== Prompt ==
From the listing below, pull each line that includes "Reference".

━━━━━━

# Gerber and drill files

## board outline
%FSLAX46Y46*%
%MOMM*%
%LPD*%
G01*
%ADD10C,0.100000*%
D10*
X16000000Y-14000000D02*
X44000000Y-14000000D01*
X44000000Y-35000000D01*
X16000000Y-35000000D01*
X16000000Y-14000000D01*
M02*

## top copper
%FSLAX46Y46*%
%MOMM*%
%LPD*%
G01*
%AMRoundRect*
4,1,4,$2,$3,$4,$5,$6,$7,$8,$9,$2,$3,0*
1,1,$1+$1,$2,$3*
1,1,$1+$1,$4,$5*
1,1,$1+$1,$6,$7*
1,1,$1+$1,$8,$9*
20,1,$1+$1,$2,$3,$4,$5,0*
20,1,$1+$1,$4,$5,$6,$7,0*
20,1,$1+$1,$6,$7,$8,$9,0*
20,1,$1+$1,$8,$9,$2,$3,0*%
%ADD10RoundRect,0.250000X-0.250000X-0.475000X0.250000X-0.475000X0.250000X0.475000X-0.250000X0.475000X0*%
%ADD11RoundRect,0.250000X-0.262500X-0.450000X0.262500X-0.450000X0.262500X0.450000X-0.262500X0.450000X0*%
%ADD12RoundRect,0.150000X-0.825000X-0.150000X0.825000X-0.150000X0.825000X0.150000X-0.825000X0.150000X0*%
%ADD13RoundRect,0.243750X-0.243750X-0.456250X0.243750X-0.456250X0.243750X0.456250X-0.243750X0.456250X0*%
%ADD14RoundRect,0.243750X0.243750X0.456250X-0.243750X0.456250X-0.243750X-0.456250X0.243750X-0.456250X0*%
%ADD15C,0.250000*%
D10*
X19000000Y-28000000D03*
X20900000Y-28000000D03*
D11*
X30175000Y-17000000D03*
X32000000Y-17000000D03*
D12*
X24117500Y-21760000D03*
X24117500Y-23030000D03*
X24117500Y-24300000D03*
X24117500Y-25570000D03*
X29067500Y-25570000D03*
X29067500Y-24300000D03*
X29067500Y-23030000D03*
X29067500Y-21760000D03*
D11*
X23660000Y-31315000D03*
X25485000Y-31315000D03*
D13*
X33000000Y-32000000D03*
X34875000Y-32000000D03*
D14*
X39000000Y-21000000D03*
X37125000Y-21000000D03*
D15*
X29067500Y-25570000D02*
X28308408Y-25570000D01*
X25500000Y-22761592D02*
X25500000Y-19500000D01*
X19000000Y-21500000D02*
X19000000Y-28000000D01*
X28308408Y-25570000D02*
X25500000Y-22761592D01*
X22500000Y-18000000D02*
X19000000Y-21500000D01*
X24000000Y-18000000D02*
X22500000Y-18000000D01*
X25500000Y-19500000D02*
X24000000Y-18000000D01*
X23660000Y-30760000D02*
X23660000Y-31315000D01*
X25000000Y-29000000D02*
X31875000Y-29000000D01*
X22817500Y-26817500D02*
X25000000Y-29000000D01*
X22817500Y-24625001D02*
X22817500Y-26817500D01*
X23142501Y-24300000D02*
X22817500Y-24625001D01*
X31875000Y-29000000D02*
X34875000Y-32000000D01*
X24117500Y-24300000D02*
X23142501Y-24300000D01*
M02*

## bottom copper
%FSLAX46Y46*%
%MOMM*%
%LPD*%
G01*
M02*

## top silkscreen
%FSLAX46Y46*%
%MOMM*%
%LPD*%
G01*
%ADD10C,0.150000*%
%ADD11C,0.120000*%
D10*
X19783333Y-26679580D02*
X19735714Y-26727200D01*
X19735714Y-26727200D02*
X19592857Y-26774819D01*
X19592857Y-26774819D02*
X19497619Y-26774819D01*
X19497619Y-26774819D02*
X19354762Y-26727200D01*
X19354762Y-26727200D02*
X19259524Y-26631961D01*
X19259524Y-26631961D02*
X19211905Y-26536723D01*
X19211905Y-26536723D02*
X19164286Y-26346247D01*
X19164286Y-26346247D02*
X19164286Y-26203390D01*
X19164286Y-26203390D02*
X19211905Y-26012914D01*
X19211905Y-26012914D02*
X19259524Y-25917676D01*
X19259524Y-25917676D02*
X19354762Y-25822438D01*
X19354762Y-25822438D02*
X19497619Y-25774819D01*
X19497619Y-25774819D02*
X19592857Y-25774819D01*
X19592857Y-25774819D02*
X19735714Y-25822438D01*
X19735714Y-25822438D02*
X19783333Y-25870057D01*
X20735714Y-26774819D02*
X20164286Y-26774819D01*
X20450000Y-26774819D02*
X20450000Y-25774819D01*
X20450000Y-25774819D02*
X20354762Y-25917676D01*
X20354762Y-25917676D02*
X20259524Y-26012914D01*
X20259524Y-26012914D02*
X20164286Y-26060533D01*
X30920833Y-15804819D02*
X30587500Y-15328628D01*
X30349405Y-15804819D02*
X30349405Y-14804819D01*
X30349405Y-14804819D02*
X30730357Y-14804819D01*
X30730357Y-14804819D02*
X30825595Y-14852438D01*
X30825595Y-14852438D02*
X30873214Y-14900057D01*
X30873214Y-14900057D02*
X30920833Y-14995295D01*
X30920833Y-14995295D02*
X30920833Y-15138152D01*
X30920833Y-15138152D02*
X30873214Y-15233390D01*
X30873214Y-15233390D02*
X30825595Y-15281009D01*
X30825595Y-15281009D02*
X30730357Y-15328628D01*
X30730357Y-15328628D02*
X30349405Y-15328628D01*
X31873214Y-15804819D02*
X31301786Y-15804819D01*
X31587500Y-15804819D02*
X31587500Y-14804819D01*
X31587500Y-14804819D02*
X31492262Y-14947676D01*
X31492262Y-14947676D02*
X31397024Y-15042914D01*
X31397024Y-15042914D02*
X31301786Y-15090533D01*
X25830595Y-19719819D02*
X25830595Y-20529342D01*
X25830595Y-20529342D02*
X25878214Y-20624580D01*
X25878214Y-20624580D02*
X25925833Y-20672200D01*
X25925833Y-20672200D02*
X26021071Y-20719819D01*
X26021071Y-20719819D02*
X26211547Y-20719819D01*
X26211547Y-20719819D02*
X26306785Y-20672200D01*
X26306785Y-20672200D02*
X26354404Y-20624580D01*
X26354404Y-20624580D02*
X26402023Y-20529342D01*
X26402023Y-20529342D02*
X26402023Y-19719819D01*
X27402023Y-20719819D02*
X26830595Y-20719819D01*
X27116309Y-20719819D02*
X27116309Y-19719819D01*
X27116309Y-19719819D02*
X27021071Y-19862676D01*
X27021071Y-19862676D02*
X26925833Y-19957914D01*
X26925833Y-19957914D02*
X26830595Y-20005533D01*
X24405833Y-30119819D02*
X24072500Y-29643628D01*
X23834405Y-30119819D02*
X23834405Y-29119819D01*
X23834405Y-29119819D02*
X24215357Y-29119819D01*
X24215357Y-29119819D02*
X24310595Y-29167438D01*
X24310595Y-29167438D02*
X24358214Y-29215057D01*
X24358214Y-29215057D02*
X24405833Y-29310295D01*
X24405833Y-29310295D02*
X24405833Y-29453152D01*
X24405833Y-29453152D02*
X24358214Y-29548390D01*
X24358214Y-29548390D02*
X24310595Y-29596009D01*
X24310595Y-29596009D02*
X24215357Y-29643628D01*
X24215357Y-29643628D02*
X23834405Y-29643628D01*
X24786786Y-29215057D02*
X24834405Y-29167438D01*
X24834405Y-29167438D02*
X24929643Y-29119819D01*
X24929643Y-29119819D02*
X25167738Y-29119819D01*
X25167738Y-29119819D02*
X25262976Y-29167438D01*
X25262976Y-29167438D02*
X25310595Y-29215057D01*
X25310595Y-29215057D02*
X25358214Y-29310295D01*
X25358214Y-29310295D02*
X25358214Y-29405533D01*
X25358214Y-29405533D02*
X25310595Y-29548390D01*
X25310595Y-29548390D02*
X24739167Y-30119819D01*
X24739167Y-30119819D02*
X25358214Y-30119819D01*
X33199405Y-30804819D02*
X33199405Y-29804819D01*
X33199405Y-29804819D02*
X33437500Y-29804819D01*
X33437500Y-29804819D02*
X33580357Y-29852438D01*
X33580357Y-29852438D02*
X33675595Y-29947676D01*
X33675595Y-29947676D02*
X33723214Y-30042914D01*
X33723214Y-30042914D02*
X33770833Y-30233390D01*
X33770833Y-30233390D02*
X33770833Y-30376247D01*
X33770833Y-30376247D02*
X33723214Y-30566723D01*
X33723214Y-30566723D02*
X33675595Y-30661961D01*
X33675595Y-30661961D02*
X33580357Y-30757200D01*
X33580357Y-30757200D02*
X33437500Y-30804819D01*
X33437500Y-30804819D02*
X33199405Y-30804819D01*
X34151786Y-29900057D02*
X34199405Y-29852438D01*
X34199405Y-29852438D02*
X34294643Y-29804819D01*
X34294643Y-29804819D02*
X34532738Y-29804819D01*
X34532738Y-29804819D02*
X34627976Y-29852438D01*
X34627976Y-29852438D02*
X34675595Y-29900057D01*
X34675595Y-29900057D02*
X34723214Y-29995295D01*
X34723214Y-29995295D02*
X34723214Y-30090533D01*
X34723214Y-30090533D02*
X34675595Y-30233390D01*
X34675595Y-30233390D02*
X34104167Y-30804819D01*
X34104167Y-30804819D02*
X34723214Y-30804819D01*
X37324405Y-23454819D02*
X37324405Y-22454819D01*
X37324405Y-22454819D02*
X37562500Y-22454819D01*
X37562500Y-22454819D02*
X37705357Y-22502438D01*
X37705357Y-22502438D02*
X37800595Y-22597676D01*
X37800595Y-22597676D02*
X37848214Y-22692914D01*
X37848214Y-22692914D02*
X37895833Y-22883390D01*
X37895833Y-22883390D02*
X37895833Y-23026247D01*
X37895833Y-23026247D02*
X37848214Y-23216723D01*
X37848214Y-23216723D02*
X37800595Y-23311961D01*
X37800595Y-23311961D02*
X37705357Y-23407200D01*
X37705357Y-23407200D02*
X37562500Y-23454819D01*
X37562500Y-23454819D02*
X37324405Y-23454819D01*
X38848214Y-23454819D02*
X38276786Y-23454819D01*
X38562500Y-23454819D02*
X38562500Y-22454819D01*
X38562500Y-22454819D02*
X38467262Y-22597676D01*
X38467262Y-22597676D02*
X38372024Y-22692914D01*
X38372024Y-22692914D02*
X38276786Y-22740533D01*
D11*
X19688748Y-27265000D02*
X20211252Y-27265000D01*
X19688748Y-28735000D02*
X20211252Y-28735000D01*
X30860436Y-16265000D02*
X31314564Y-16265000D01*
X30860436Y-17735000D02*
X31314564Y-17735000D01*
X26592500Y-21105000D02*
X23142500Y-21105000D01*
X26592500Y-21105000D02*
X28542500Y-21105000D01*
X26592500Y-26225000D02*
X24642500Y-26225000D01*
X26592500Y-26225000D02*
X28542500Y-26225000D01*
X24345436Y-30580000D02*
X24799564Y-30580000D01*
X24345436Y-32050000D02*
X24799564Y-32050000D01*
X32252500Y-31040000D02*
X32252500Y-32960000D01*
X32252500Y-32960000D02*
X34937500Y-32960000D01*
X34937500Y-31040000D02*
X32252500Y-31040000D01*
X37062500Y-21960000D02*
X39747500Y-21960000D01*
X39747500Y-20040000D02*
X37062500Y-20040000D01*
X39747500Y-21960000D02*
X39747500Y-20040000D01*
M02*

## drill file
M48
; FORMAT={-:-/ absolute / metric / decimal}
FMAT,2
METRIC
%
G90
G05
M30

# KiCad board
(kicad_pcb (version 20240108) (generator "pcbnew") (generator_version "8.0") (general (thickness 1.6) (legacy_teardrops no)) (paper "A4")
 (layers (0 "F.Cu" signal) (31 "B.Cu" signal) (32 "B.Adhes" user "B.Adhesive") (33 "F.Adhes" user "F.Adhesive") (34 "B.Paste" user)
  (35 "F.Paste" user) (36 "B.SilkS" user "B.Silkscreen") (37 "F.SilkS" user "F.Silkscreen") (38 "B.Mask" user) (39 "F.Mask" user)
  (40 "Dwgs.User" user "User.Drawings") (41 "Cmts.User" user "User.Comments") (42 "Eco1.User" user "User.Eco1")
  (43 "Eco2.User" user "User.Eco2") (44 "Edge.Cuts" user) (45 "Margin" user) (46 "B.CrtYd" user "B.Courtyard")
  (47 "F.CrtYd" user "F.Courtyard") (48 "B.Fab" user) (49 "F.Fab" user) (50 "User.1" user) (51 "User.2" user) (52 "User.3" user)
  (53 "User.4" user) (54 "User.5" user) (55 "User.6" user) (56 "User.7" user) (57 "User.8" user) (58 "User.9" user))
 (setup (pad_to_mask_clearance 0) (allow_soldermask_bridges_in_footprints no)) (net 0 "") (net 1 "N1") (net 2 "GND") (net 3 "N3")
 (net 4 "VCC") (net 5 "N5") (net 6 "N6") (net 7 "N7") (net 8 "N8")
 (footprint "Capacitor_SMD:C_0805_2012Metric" (layer "F.Cu") (at 19.95 28)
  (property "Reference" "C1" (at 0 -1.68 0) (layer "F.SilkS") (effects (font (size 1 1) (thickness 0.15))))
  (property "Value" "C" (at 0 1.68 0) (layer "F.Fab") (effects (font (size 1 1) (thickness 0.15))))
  (fp_line (start -0.261252 -0.735) (end 0.261252 -0.735) (stroke (width 0.12) (type solid)) (layer "F.SilkS"))
  (fp_line (start -0.261252 0.735) (end 0.261252 0.735) (stroke (width 0.12) (type solid)) (layer "F.SilkS"))
  (pad "1" smd roundrect (at -0.95 0) (size 1 1.45) (layers "F.Cu" "F.Paste" "F.Mask") (roundrect_rratio 0.25) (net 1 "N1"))
  (pad "2" smd roundrect (at 0.95 0) (size 1 1.45) (layers "F.Cu" "F.Paste" "F.Mask") (roundrect_rratio 0.25) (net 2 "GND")))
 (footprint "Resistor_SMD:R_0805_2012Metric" (layer "F.Cu") (at 31.0875 17)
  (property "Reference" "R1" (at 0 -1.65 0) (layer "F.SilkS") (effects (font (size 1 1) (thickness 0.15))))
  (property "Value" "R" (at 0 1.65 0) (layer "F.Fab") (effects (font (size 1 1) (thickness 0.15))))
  (fp_line (start -0.227064 -0.735) (end 0.227064 -0.735) (stroke (width 0.12) (type solid)) (layer "F.SilkS"))
  (fp_line (start -0.227064 0.735) (end 0.227064 0.735) (stroke (width 0.12) (type solid)) (layer "F.SilkS"))
  (pad "1" smd roundrect (at -0.9125 0) (size 1.025 1.4) (layers "F.Cu" "F.Paste" "F.Mask") (roundrect_rratio 0.243902) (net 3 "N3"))
  (pad "2" smd roundrect (at 0.9125 0) (size 1.025 1.4) (layers "F.Cu" "F.Paste" "F.Mask") (roundrect_rratio 0.243902) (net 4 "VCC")))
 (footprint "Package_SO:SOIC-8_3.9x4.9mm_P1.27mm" (layer "F.Cu") (at 26.5925 23.665)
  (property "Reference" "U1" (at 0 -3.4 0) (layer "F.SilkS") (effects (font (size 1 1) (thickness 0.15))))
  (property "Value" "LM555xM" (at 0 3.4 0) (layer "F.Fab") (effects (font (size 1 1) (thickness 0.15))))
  (fp_line (start 0 -2.56) (end -3.45 -2.56) (stroke (width 0.12) (type solid)) (layer "F.SilkS"))
  (fp_line (start 0 -2.56) (end 1.95 -2.56) (stroke (width 0.12) (type solid)) (layer "F.SilkS"))
  (fp_line (start 0 2.56) (end -1.95 2.56) (stroke (width 0.12) (type solid)) (layer "F.SilkS"))
  (fp_line (start 0 2.56) (end 1.95 2.56) (stroke (width 0.12) (type solid)) (layer "F.SilkS"))
  (pad "1" smd roundrect (at -2.475 -1.905) (size 1.95 0.6) (layers "F.Cu" "F.Paste" "F.Mask") (roundrect_rratio 0.25) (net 2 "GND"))
  (pad "2" smd roundrect (at -2.475 -0.635) (size 1.95 0.6) (layers "F.Cu" "F.Paste" "F.Mask") (roundrect_rratio 0.25) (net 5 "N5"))
  (pad "3" smd roundrect (at -2.475 0.635) (size 1.95 0.6) (layers "F.Cu" "F.Paste" "F.Mask") (roundrect_rratio 0.25) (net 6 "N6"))
  (pad "4" smd roundrect (at -2.475 1.905) (size 1.95 0.6) (layers "F.Cu" "F.Paste" "F.Mask") (roundrect_rratio 0.25) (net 4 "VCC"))
  (pad "5" smd roundrect (at 2.475 1.905) (size 1.95 0.6) (layers "F.Cu" "F.Paste" "F.Mask") (roundrect_rratio 0.25) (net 1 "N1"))
  (pad "6" smd roundrect (at 2.475 0.635) (size 1.95 0.6) (layers "F.Cu" "F.Paste" "F.Mask") (roundrect_rratio 0.25) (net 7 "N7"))
  (pad "7" smd roundrect (at 2.475 -0.635) (size 1.95 0.6) (layers "F.Cu" "F.Paste" "F.Mask") (roundrect_rratio 0.25) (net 7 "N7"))
  (pad "8" smd roundrect (at 2.475 -1.905) (size 1.95 0.6) (layers "F.Cu" "F.Paste" "F.Mask") (roundrect_rratio 0.25) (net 4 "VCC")))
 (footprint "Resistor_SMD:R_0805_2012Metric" (layer "F.Cu") (at 24.5725 31.315)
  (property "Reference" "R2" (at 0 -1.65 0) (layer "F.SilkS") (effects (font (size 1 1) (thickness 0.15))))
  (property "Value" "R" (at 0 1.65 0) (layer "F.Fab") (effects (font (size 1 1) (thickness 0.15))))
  (fp_line (start -0.227064 -0.735) (end 0.227064 -0.735) (stroke (width 0.12) (type solid)) (layer "F.SilkS"))
  (fp_line (start -0.227064 0.735) (end 0.227064 0.735) (stroke (width 0.12) (type solid)) (layer "F.SilkS"))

━━━━━━

== Your response ==
  (property "Reference" "C1" (at 0 -1.68 0) (layer "F.SilkS") (effects (font (size 1 1) (thickness 0.15))))
  (property "Reference" "R1" (at 0 -1.65 0) (layer "F.SilkS") (effects (font (size 1 1) (thickness 0.15))))
  (property "Reference" "U1" (at 0 -3.4 0) (layer "F.SilkS") (effects (font (size 1 1) (thickness 0.15))))
  (property "Reference" "R2" (at 0 -1.65 0) (layer "F.SilkS") (effects (font (size 1 1) (thickness 0.15))))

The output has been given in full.